Problem to work on: Below are entries; copy exactly the lines from the one with "(pad 1 thru_hole circle (at 0 0 180)" through the one with "(fp_text reference C3", both included, and leave out the rest.
────────────────────────────────────────
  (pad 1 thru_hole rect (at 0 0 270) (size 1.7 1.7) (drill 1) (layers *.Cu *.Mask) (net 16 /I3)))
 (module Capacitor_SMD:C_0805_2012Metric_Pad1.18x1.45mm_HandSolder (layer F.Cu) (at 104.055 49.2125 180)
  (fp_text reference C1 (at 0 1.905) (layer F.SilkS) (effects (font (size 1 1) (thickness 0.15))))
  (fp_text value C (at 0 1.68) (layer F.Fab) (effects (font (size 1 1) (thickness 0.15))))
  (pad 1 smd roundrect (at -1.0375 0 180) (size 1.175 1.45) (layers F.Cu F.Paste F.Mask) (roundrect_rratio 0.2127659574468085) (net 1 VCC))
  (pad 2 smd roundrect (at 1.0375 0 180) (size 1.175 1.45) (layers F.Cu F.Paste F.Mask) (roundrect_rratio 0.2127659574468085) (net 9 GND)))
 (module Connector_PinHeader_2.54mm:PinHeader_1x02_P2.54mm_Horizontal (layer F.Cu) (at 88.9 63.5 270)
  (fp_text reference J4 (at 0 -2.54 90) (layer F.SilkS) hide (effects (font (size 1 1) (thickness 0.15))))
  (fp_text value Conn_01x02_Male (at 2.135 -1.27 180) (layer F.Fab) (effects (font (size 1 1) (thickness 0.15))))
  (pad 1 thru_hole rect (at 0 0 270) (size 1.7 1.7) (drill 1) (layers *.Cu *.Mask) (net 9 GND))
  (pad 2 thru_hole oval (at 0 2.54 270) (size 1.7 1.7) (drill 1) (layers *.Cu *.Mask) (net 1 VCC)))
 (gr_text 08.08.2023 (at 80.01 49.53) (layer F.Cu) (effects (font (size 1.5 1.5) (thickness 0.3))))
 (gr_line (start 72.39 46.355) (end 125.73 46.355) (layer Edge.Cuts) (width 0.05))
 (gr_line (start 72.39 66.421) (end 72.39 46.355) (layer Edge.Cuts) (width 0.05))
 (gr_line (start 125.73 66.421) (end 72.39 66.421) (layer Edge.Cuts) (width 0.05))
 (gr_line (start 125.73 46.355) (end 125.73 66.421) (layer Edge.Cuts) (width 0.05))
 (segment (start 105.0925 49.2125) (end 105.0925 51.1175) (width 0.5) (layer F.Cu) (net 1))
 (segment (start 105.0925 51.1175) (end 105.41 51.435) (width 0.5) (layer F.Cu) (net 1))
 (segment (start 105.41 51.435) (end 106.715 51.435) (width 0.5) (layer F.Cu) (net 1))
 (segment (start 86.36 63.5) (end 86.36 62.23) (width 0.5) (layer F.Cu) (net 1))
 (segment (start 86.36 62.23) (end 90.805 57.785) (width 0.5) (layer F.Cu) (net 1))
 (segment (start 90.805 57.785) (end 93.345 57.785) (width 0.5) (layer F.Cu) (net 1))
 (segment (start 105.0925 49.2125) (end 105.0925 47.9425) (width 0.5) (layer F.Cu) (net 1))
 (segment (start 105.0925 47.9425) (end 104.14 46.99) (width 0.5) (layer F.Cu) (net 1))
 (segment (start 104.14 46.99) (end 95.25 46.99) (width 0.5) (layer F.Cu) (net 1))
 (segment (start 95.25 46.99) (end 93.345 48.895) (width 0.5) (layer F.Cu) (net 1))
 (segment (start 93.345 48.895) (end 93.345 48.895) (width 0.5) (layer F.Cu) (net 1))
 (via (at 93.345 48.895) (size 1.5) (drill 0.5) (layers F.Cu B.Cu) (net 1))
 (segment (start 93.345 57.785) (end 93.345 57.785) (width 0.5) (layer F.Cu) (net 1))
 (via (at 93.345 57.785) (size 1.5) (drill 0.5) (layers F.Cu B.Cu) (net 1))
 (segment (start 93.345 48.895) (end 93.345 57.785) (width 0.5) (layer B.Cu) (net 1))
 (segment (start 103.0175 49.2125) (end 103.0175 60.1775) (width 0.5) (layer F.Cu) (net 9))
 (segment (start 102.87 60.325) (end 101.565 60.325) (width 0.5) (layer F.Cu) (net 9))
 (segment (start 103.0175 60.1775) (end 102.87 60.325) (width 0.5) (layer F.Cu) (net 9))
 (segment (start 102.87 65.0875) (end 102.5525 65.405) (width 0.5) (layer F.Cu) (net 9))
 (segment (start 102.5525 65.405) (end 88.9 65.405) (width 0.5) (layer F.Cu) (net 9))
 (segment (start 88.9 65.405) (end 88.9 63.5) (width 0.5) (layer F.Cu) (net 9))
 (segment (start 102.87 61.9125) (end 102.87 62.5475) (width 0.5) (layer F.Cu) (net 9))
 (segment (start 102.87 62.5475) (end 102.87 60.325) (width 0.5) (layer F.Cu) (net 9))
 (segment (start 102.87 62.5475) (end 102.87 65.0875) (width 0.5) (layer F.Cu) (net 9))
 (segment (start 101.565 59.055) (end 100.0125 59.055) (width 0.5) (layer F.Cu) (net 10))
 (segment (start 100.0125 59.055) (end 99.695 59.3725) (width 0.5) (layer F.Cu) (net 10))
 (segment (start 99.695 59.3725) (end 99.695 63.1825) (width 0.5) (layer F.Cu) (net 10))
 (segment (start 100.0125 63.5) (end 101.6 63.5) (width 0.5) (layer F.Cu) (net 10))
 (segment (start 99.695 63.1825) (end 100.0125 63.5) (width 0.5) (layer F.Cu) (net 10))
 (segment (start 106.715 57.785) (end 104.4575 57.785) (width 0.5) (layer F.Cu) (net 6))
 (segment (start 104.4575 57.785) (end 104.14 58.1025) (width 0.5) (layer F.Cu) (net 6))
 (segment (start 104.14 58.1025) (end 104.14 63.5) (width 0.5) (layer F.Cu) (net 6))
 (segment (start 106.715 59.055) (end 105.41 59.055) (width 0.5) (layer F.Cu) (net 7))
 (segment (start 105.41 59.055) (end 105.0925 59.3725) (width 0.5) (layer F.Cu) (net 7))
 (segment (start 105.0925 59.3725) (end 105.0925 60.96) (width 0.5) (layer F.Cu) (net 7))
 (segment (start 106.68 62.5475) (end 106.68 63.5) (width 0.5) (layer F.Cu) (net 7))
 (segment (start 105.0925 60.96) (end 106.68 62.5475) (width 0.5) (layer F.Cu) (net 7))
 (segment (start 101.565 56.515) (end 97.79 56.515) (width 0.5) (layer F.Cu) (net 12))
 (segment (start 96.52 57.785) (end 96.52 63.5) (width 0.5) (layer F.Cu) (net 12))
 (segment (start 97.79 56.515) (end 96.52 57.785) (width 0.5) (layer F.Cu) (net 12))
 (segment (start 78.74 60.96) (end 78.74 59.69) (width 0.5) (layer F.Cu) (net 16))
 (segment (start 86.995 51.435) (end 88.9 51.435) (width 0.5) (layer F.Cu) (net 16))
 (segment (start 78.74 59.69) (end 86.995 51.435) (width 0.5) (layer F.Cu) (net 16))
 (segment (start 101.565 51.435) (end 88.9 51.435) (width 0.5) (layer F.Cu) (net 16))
────────────────────────────────────────
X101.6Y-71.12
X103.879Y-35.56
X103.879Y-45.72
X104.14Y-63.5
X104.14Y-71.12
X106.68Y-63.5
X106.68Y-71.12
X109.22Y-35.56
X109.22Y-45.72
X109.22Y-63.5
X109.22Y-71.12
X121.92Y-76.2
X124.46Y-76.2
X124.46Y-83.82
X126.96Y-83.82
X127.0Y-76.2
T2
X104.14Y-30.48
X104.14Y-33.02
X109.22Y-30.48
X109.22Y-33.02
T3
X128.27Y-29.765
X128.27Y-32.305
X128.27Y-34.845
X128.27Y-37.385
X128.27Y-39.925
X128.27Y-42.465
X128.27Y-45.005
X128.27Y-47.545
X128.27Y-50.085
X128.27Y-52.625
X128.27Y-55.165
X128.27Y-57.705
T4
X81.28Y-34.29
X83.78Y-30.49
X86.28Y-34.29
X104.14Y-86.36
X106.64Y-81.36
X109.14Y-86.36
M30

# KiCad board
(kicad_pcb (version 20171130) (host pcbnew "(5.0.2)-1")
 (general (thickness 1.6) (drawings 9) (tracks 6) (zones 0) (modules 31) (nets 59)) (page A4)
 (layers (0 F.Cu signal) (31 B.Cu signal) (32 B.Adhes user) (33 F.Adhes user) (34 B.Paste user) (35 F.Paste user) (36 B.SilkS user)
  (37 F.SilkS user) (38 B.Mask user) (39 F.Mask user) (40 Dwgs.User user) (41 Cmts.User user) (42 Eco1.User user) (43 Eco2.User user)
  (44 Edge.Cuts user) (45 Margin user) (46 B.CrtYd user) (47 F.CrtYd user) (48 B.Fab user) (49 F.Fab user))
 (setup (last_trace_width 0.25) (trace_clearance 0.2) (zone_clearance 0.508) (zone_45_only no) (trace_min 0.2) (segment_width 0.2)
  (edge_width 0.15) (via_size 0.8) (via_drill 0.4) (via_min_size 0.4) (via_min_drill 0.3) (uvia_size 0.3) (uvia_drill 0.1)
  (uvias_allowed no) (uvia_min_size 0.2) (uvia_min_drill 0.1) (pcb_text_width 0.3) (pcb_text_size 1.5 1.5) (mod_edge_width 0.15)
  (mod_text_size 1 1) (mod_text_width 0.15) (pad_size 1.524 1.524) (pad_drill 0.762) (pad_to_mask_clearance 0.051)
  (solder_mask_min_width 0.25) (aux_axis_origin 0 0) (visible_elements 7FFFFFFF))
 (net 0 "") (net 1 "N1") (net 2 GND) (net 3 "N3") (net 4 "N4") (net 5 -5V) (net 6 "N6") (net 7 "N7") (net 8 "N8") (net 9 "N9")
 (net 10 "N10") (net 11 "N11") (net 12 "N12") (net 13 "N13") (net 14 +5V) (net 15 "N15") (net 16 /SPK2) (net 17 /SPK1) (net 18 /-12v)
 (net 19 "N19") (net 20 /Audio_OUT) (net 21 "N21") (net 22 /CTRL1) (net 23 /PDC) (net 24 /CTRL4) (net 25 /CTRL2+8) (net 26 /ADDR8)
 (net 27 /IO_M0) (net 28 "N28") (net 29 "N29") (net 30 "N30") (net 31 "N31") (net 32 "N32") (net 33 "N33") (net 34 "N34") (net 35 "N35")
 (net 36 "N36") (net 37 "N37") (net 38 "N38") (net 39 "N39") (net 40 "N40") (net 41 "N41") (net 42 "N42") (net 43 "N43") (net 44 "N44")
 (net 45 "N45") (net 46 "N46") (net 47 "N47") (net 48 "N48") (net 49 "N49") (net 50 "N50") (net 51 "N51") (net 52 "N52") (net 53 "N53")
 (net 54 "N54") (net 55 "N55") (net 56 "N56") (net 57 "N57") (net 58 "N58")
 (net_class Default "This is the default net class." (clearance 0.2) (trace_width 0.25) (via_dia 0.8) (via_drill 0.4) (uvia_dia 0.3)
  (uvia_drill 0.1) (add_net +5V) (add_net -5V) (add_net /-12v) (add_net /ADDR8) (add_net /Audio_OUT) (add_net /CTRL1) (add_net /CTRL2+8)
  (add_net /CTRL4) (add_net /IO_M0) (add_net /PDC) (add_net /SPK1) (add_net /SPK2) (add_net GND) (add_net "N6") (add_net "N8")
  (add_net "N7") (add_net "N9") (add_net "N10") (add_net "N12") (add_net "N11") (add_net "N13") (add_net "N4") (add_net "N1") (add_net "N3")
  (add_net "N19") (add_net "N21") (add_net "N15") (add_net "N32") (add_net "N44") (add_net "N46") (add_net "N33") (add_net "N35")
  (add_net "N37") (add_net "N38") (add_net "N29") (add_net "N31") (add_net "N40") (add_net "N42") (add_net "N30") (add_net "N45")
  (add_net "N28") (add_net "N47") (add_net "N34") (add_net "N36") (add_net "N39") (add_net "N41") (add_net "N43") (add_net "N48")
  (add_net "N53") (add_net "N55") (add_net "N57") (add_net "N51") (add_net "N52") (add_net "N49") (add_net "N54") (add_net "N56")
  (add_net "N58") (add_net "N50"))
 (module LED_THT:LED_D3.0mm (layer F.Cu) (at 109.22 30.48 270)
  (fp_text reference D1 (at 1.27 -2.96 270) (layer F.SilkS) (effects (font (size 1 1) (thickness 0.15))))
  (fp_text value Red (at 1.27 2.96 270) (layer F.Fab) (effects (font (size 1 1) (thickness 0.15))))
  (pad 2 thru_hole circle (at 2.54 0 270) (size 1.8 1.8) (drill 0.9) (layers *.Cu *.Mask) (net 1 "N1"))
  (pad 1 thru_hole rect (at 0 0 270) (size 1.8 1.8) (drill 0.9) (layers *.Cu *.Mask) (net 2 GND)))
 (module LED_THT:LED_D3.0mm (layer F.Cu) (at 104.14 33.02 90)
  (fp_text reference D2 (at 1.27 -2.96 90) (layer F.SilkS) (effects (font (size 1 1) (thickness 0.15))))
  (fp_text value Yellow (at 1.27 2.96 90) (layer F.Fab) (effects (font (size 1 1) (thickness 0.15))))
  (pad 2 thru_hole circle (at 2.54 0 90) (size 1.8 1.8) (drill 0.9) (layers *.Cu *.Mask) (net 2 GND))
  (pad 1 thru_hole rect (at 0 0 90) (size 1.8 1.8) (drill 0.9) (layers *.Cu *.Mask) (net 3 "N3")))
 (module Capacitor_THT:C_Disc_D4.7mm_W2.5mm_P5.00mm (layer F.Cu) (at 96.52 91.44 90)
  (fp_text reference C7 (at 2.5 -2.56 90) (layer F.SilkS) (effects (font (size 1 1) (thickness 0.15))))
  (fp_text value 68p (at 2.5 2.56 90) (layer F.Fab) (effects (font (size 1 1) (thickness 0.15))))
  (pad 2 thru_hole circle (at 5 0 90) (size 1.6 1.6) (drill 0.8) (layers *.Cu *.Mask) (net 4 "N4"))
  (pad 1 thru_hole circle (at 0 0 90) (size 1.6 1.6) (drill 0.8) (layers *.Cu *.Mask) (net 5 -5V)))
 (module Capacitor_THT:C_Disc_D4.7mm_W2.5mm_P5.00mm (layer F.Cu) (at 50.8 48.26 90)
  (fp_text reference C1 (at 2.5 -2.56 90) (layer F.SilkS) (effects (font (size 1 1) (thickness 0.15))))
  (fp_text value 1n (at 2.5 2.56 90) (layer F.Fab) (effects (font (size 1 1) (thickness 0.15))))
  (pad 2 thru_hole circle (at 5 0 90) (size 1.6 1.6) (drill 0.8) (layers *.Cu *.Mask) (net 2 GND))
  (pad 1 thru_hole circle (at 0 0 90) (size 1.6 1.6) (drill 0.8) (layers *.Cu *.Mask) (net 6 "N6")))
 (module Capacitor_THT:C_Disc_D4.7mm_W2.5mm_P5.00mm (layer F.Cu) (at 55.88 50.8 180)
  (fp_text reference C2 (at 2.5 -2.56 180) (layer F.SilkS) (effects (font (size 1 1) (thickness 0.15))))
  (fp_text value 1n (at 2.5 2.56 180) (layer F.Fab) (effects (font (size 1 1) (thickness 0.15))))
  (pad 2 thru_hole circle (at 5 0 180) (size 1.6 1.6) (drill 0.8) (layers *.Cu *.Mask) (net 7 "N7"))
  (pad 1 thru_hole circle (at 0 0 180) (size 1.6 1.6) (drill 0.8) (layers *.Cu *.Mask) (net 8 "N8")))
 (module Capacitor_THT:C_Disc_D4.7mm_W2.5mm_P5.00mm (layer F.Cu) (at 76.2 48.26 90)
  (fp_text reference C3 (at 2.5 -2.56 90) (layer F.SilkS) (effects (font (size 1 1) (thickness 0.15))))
────────────────────────────────────────
Answer for this exercise:
  (pad 1 thru_hole circle (at 0 0 180) (size 1.6 1.6) (drill 0.8) (layers *.Cu *.Mask) (net 8 "N8")))
 (module Capacitor_THT:C_Disc_D4.7mm_W2.5mm_P5.00mm (layer F.Cu) (at 76.2 48.26 90)
  (fp_text reference C3 (at 2.5 -2.56 90) (layer F.SilkS) (effects (font (size 1 1) (thickness 0.15))))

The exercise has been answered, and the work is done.